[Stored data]
# # # # # # #
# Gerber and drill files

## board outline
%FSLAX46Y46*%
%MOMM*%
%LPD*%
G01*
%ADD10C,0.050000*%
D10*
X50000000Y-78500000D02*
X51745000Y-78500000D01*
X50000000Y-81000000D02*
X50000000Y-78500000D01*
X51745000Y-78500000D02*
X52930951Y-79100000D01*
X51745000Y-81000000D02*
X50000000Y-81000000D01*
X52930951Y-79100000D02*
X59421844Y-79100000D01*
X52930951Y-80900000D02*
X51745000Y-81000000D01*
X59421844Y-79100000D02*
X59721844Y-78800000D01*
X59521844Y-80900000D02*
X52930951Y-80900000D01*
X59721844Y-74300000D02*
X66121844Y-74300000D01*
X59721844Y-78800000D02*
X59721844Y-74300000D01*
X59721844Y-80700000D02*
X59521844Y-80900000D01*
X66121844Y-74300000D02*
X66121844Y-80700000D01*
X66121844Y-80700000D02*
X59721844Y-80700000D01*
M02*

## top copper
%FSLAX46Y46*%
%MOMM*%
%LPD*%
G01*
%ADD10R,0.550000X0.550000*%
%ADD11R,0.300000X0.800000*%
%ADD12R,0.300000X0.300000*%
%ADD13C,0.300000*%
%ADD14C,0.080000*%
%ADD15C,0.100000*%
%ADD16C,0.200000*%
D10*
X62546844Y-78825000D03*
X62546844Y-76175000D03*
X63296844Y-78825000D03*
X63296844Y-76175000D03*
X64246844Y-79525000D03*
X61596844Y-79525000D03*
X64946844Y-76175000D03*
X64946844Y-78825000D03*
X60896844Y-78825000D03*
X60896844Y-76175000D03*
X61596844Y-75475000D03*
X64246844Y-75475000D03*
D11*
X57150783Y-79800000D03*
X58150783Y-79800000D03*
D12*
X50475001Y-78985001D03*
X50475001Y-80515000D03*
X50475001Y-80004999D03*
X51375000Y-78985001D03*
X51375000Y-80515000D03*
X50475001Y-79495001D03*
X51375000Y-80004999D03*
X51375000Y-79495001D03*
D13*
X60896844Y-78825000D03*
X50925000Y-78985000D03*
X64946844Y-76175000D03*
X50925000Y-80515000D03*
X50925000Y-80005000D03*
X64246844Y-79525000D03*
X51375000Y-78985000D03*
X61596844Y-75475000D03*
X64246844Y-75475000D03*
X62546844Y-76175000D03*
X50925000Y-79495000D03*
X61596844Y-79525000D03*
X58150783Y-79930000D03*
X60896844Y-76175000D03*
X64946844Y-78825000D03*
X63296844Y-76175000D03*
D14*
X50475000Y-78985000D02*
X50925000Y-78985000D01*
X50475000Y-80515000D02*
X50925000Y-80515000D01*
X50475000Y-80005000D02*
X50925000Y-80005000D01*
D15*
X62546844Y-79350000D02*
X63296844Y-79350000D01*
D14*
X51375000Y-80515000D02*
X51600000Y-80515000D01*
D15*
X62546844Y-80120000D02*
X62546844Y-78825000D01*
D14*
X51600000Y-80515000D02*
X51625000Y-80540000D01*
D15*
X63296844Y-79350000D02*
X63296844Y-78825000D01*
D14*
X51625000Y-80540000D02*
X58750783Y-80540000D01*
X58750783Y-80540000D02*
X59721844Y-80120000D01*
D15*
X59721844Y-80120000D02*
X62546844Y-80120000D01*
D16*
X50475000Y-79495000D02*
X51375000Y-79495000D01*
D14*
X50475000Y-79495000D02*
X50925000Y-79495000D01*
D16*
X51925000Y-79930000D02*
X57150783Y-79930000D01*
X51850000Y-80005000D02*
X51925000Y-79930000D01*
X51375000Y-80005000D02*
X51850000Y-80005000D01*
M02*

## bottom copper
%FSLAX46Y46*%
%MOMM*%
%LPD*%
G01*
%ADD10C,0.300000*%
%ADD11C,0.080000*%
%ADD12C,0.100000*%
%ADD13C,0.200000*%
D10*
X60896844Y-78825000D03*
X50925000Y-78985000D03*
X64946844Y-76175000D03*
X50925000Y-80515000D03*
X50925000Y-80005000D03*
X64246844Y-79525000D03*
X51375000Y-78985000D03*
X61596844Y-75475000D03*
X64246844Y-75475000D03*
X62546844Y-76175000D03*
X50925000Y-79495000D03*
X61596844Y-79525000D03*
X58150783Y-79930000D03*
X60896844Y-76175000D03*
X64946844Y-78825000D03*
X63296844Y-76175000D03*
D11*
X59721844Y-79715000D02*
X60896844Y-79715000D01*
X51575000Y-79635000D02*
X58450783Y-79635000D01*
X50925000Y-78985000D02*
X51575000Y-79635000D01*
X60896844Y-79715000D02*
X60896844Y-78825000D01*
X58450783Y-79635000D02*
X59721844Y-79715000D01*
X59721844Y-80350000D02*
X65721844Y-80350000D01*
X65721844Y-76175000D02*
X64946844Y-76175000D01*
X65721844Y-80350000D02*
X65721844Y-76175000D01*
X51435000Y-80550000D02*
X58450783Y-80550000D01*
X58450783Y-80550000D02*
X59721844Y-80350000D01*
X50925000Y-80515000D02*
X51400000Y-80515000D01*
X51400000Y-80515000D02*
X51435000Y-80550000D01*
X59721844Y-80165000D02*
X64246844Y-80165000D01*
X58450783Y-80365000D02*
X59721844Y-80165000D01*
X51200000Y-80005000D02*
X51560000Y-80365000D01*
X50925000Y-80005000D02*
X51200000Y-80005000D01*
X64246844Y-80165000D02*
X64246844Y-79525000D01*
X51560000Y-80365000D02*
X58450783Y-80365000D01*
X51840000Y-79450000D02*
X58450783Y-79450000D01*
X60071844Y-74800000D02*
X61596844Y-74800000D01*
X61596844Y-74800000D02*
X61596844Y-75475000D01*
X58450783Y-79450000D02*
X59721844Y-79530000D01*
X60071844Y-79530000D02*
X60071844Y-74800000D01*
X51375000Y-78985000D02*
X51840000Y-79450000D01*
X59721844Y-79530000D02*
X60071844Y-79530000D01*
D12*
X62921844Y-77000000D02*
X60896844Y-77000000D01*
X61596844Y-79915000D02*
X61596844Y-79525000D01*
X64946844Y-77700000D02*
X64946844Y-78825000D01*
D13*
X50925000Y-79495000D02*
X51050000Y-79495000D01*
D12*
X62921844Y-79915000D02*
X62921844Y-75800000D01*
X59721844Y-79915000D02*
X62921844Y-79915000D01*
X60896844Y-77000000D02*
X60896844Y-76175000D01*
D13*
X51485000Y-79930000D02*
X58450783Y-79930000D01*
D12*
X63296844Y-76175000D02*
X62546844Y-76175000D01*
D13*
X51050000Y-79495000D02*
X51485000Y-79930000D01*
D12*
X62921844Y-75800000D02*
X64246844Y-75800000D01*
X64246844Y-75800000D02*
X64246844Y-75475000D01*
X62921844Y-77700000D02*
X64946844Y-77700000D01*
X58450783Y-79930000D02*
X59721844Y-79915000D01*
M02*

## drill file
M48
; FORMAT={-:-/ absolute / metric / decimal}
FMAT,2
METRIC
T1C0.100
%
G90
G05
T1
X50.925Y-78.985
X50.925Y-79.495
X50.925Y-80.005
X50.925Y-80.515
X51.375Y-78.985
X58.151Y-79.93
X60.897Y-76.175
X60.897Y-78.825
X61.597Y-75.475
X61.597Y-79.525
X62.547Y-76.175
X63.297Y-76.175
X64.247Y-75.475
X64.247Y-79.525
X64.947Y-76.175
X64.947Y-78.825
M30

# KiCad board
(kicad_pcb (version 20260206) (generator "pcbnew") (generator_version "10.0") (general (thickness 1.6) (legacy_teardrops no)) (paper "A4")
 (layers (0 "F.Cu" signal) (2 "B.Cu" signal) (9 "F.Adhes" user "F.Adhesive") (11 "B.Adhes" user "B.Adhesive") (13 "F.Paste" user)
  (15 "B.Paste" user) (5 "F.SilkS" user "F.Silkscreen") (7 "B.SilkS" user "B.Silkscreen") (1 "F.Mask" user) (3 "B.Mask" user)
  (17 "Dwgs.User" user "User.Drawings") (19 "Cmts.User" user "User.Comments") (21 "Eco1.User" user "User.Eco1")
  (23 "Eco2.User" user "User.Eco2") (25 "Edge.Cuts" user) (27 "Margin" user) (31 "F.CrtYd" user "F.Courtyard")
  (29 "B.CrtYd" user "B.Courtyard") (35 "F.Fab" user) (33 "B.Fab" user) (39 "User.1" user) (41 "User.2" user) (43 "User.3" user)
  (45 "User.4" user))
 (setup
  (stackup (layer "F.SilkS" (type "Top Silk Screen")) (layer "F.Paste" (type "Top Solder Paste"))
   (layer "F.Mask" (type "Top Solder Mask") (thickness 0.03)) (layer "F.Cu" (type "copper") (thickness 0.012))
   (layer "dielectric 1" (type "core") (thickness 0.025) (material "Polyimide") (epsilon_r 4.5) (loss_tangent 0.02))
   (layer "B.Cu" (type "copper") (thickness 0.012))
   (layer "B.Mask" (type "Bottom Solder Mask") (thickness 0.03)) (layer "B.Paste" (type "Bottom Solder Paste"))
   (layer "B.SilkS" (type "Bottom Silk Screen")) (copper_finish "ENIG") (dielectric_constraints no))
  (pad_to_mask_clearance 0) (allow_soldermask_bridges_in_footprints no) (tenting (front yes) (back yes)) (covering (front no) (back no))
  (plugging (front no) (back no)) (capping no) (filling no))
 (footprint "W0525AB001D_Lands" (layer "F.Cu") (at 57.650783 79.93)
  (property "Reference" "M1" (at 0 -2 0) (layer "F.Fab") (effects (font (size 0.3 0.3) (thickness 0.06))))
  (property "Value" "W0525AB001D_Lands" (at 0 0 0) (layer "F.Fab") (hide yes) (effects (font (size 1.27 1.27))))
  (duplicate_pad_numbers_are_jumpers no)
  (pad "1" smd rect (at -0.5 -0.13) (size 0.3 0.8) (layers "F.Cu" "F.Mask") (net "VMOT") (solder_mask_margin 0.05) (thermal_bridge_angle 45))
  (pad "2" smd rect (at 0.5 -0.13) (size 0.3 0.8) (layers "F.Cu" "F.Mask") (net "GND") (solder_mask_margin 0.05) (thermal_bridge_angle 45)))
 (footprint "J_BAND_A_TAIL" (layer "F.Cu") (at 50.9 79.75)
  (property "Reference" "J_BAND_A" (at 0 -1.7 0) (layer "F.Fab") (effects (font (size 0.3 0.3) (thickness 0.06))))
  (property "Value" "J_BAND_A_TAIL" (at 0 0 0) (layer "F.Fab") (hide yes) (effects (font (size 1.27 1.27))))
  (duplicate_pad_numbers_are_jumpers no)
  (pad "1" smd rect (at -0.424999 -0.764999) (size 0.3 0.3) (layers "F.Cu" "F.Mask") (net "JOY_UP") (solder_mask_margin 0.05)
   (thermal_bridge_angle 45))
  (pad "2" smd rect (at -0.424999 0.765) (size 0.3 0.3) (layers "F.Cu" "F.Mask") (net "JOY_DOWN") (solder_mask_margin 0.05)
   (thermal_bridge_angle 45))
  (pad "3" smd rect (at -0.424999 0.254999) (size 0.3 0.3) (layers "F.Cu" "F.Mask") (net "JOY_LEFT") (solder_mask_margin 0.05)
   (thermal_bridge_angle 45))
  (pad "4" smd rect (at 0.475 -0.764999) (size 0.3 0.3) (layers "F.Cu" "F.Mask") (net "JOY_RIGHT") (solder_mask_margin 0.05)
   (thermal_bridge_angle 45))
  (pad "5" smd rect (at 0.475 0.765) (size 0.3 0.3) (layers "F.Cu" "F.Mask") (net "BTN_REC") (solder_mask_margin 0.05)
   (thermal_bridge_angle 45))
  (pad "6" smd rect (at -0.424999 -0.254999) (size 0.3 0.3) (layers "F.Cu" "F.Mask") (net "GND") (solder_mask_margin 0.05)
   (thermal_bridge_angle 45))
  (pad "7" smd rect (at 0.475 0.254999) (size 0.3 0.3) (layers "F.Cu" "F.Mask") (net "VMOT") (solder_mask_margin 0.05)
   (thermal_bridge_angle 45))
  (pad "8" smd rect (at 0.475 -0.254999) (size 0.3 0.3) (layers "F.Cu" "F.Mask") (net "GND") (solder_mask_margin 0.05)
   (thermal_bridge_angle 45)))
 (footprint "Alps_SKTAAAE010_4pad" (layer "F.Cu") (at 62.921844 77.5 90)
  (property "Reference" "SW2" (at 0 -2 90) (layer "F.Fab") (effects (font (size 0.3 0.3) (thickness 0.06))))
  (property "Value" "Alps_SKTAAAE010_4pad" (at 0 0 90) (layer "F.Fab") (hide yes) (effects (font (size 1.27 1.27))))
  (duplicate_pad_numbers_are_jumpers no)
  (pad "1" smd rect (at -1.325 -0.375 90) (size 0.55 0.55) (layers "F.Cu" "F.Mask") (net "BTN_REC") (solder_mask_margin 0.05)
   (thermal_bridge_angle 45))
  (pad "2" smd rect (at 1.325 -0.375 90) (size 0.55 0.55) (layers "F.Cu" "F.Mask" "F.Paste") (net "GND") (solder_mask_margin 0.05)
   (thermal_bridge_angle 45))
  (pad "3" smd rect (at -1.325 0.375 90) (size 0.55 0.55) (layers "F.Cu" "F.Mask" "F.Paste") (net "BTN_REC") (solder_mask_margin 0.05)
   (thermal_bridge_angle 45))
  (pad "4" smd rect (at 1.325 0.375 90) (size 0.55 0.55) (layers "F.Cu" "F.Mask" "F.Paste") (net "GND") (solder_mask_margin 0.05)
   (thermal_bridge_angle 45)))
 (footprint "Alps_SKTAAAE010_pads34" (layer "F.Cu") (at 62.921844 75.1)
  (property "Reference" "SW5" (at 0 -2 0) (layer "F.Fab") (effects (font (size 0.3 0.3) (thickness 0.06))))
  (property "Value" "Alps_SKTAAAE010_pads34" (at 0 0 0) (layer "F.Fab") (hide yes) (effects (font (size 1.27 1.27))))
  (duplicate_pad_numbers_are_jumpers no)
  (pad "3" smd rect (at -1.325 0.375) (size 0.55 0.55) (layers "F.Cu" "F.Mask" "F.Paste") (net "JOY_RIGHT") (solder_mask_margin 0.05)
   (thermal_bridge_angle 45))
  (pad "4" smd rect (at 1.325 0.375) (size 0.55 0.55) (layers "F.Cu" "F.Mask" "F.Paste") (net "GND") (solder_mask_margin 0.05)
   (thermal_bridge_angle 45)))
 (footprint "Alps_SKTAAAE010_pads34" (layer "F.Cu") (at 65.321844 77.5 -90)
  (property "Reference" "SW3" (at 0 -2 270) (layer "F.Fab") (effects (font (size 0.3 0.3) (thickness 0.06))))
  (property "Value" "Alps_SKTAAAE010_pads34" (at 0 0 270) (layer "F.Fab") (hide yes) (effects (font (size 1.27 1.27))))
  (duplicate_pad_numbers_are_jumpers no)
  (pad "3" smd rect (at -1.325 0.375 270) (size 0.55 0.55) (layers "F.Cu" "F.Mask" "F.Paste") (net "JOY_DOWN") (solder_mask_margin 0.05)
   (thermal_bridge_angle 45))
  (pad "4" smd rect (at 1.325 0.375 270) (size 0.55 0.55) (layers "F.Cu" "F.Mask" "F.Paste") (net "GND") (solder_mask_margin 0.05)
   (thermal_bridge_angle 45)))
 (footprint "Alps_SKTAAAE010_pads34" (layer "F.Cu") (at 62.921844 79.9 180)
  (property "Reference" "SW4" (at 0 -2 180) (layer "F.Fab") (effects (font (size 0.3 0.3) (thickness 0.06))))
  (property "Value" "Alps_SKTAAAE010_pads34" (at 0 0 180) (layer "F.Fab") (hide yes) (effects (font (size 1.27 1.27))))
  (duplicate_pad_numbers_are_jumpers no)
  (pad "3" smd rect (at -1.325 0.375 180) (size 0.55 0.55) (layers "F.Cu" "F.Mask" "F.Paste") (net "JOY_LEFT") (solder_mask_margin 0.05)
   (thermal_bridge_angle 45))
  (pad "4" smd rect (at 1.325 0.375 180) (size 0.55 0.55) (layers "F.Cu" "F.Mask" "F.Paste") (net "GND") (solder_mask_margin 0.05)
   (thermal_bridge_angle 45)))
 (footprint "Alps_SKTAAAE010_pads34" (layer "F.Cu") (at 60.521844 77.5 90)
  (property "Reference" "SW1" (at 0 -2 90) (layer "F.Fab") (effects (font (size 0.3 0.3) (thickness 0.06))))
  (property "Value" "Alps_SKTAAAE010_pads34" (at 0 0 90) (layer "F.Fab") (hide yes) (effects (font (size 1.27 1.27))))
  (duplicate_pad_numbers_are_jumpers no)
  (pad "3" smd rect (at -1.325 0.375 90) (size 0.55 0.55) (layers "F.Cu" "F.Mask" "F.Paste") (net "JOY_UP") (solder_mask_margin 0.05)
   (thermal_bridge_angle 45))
# # # # # # #
What is being asked:
Show me every line in the data above that includes "Value".

Answer area:
  (property "Value" "W0525AB001D_Lands" (at 0 0 0) (layer "F.Fab") (hide yes) (effects (font (size 1.27 1.27))))
  (property "Value" "J_BAND_A_TAIL" (at 0 0 0) (layer "F.Fab") (hide yes) (effects (font (size 1.27 1.27))))
  (property "Value" "Alps_SKTAAAE010_4pad" (at 0 0 90) (layer "F.Fab") (hide yes) (effects (font (size 1.27 1.27))))
  (property "Value" "Alps_SKTAAAE010_pads34" (at 0 0 0) (layer "F.Fab") (hide yes) (effects (font (size 1.27 1.27))))
  (property "Value" "Alps_SKTAAAE010_pads34" (at 0 0 270) (layer "F.Fab") (hide yes) (effects (font (size 1.27 1.27))))
  (property "Value" "Alps_SKTAAAE010_pads34" (at 0 0 180) (layer "F.Fab") (hide yes) (effects (font (size 1.27 1.27))))
  (property "Value" "Alps_SKTAAAE010_pads34" (at 0 0 90) (layer "F.Fab") (hide yes) (effects (font (size 1.27 1.27))))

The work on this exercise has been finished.